ASSIGNED TASK. The answer should consist of each line below that contains the word "oval".

Stored items
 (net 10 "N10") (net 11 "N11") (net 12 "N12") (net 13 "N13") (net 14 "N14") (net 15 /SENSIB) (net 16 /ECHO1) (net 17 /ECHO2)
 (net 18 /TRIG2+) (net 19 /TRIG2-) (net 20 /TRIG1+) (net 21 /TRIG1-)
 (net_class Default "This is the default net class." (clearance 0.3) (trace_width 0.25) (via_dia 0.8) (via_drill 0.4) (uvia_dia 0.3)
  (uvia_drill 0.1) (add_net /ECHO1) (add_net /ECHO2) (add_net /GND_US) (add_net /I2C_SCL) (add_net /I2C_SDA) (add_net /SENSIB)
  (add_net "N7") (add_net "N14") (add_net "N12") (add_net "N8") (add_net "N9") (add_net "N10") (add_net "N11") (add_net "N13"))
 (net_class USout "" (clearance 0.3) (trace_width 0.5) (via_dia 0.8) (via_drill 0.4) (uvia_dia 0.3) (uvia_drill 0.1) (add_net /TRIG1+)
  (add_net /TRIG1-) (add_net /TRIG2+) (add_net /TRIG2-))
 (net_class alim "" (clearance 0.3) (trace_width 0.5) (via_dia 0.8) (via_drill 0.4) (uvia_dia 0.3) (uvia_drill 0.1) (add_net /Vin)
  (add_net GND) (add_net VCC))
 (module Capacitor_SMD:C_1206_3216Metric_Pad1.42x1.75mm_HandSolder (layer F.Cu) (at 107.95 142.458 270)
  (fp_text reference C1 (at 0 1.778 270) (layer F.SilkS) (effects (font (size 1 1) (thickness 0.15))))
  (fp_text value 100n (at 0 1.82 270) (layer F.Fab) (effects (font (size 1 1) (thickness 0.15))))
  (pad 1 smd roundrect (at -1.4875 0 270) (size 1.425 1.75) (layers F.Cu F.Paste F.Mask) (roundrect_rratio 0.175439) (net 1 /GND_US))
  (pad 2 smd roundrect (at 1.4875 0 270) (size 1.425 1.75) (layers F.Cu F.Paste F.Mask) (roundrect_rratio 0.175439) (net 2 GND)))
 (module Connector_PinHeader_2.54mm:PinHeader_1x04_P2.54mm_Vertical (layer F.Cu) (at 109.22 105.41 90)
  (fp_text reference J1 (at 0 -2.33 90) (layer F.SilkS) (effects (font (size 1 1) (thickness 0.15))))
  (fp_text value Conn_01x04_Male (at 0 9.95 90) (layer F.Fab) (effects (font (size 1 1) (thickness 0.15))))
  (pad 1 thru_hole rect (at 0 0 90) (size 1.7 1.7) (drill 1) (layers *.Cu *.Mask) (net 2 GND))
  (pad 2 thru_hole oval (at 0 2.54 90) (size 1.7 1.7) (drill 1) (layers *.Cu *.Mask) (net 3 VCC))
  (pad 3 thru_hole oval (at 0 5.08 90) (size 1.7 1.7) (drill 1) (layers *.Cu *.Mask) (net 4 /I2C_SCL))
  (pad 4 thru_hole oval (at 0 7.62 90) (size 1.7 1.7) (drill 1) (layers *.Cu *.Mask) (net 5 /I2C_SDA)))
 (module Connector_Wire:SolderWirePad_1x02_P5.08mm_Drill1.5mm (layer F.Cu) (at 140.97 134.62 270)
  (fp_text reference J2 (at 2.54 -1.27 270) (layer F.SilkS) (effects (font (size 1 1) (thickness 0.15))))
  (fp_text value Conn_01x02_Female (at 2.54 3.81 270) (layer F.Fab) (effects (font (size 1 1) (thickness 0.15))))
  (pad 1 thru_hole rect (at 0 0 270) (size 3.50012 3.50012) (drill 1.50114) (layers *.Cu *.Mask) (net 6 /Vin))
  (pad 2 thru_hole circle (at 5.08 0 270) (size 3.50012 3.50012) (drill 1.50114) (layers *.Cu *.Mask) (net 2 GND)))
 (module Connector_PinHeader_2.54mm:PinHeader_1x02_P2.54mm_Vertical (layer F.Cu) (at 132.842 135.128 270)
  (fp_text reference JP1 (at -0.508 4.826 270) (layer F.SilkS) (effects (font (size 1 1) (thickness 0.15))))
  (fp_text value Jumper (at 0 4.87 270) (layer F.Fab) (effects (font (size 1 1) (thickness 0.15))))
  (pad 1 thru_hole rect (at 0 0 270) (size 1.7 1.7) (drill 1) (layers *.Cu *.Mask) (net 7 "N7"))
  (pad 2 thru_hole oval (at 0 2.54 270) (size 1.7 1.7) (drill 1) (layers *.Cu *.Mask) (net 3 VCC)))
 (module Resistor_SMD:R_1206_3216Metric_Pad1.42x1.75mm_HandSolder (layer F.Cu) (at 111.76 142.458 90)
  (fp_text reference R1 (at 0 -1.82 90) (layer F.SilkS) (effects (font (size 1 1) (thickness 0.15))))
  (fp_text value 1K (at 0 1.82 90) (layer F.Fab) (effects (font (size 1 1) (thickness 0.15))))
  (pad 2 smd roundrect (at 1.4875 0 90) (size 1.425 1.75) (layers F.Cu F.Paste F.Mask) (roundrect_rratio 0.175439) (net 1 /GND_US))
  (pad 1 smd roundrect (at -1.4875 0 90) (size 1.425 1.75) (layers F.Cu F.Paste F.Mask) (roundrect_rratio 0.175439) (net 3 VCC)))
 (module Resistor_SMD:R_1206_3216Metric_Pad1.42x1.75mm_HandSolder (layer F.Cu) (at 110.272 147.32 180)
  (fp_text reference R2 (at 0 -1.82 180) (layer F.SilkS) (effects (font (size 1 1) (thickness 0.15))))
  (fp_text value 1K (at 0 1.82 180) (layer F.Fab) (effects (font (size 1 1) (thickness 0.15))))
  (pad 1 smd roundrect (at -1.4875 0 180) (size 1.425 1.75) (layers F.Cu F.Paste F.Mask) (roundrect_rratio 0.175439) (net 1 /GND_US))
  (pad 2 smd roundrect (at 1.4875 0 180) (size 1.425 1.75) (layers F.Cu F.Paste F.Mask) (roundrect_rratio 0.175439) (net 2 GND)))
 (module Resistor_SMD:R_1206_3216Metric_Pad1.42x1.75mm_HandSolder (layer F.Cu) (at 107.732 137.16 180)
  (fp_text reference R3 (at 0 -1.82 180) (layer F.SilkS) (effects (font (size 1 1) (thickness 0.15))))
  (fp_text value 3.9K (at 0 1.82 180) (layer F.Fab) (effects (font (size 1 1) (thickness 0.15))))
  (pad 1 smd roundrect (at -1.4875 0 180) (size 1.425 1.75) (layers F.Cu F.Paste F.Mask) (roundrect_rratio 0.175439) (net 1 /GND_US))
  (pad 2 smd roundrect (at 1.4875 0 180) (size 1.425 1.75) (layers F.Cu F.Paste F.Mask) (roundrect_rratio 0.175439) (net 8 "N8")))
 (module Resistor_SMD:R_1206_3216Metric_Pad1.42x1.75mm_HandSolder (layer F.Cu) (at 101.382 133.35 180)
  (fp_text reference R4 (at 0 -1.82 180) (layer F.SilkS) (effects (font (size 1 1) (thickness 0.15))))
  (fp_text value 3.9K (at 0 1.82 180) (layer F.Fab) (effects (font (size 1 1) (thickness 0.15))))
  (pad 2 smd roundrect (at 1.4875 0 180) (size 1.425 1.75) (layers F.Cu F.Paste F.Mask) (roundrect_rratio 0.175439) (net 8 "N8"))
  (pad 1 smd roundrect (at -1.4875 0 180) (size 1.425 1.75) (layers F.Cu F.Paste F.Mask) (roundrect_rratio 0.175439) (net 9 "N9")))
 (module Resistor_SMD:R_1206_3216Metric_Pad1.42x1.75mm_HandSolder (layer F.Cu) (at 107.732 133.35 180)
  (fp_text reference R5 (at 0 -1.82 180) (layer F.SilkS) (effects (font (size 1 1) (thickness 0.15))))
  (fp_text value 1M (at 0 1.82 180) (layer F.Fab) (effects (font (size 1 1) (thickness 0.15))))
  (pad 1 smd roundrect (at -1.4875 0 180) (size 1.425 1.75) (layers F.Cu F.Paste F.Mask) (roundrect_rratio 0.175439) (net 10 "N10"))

* * *

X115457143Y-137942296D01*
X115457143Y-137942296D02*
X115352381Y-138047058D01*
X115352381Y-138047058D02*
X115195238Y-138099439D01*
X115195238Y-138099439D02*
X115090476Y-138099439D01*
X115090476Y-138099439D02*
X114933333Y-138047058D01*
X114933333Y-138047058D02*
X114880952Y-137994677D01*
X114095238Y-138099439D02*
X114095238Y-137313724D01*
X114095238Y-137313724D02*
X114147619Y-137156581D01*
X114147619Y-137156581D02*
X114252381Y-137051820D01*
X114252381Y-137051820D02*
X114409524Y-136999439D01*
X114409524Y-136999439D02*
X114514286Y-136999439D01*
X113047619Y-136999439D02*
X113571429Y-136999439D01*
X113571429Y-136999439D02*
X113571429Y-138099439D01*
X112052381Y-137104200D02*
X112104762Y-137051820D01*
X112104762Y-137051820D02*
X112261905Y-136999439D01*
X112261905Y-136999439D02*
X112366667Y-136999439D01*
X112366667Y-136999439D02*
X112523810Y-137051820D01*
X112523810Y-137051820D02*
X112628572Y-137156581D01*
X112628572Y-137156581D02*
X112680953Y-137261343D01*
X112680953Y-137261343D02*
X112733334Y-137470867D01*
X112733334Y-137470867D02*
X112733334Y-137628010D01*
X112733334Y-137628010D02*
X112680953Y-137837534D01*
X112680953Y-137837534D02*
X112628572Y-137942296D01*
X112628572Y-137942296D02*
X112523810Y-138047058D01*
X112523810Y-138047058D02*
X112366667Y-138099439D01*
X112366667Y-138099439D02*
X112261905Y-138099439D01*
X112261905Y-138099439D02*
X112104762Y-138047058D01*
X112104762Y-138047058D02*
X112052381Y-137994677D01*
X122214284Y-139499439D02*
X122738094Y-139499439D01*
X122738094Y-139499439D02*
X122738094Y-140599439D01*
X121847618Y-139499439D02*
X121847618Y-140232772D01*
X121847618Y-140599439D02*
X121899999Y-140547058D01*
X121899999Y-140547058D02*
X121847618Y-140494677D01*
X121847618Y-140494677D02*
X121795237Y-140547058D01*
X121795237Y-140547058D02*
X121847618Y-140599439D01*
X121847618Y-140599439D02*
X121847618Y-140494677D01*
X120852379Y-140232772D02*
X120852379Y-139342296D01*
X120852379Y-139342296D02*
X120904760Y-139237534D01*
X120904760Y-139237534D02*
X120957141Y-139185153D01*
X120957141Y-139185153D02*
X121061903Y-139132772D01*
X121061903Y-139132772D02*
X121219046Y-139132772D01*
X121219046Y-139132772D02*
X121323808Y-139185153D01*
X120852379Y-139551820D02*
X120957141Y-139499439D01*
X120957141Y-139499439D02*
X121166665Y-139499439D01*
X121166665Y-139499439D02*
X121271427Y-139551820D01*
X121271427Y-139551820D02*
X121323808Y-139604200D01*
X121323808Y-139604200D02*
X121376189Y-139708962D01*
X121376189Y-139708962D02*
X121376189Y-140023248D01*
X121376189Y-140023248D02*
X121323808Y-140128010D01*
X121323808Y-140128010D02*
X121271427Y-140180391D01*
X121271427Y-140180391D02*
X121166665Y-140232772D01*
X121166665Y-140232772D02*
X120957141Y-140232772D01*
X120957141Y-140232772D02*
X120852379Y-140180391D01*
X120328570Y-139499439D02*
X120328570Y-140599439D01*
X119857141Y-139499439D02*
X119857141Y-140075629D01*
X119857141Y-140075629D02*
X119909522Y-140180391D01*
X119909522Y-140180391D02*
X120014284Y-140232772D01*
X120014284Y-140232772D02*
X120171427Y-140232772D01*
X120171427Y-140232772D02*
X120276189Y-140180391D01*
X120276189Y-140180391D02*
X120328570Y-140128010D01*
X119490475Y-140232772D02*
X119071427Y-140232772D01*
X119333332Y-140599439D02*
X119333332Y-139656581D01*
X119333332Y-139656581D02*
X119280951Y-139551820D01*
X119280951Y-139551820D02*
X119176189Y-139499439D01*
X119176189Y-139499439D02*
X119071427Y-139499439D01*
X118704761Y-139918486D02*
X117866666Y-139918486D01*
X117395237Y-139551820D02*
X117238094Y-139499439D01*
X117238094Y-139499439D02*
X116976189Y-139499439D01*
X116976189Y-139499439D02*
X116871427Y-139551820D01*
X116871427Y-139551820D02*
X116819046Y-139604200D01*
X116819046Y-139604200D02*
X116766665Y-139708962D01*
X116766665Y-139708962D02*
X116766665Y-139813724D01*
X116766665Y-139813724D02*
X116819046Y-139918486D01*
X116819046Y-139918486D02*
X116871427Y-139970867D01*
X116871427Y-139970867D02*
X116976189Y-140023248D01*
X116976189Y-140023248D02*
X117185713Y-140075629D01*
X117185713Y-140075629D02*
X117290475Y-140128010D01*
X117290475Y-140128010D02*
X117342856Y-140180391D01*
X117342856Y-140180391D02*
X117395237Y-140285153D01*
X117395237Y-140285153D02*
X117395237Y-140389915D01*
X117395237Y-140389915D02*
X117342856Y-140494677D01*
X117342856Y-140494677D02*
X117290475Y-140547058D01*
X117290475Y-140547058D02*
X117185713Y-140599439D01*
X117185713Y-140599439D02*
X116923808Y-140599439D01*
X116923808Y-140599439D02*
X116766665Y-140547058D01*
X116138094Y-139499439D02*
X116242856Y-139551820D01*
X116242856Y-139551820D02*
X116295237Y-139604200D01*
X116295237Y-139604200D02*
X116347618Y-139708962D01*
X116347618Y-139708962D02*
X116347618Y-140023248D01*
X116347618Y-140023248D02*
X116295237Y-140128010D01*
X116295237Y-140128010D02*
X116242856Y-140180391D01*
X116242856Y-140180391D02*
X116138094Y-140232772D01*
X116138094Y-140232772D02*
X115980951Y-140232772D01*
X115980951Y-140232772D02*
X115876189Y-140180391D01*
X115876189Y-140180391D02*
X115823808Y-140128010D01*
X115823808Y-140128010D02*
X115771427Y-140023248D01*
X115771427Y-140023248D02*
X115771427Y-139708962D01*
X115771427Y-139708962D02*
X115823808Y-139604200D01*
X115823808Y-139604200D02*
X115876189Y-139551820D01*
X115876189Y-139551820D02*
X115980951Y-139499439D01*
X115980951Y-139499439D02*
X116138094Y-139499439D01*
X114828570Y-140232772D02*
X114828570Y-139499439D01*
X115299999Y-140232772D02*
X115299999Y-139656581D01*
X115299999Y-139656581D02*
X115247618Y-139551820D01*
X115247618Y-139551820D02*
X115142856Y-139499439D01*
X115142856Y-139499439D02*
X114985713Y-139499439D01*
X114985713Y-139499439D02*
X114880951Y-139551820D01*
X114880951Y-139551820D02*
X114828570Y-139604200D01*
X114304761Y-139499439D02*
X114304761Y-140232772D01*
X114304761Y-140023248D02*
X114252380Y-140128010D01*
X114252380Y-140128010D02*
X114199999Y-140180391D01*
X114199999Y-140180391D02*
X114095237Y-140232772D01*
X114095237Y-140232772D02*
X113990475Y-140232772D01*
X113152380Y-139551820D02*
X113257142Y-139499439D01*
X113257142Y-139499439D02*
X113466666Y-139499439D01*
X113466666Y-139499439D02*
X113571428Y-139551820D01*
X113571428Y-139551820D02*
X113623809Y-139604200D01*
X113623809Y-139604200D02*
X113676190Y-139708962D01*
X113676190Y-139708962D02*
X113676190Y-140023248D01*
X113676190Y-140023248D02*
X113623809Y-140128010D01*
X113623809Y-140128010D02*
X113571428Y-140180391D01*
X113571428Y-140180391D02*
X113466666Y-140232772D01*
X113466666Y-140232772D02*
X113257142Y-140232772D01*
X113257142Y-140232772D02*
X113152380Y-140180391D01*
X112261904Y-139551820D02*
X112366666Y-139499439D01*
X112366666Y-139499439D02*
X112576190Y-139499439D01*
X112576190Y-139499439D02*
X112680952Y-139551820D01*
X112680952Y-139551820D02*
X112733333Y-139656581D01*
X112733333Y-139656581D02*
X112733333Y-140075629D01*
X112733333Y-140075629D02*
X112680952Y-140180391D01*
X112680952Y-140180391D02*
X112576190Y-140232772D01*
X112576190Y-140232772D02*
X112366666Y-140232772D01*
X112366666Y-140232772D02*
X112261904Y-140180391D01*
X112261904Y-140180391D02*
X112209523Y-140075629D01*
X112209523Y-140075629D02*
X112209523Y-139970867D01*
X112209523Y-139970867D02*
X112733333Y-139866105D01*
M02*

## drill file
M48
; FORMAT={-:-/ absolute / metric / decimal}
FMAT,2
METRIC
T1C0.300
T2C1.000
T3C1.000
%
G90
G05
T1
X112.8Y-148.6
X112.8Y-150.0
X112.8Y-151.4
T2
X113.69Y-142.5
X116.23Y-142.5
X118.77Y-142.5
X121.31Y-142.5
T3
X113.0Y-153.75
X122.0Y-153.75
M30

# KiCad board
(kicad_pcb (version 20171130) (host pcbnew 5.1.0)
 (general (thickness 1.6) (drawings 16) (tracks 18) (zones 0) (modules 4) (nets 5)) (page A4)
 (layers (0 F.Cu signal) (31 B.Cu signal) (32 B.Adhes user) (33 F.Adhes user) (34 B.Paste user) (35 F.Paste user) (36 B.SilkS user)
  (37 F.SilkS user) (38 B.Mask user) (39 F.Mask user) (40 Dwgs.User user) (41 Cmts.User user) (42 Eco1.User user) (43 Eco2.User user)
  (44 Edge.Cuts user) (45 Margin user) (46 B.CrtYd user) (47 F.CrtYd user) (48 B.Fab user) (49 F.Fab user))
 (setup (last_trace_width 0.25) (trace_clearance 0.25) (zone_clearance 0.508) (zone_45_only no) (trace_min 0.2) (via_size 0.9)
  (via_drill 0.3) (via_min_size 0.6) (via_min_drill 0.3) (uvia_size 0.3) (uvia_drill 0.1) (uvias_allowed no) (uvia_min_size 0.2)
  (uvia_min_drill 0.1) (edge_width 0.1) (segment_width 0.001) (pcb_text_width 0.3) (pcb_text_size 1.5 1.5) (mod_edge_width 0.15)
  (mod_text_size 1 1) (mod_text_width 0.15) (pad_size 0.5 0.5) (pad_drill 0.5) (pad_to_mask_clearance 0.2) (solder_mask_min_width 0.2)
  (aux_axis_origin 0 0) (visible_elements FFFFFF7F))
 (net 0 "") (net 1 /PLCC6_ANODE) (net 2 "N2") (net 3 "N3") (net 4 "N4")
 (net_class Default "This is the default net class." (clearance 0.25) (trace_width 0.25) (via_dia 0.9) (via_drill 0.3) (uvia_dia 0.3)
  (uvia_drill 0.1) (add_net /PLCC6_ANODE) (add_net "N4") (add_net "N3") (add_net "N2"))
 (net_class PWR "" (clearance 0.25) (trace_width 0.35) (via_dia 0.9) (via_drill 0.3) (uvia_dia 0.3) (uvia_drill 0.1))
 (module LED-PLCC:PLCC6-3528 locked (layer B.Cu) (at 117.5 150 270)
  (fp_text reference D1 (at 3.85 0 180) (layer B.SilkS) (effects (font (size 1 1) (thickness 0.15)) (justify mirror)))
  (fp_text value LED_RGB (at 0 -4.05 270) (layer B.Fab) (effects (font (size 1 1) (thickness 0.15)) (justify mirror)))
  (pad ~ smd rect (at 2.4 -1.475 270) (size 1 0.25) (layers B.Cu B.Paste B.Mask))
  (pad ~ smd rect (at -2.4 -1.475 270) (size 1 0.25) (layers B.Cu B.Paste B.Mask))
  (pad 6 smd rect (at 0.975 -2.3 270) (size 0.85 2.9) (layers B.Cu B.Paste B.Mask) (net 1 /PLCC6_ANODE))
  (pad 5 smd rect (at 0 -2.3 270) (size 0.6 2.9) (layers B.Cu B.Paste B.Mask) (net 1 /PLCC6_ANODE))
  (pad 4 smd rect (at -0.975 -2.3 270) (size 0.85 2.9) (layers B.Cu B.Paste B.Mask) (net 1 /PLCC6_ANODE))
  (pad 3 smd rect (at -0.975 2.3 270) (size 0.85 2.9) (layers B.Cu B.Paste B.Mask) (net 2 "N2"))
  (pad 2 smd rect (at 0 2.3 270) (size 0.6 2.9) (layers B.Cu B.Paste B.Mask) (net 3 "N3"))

TASK SOLUTION.
  (pad 2 thru_hole oval (at 0 2.54 90) (size 1.7 1.7) (drill 1) (layers *.Cu *.Mask) (net 3 VCC))
  (pad 3 thru_hole oval (at 0 5.08 90) (size 1.7 1.7) (drill 1) (layers *.Cu *.Mask) (net 4 /I2C_SCL))
  (pad 4 thru_hole oval (at 0 7.62 90) (size 1.7 1.7) (drill 1) (layers *.Cu *.Mask) (net 5 /I2C_SDA)))
  (pad 2 thru_hole oval (at 0 2.54 270) (size 1.7 1.7) (drill 1) (layers *.Cu *.Mask) (net 3 VCC)))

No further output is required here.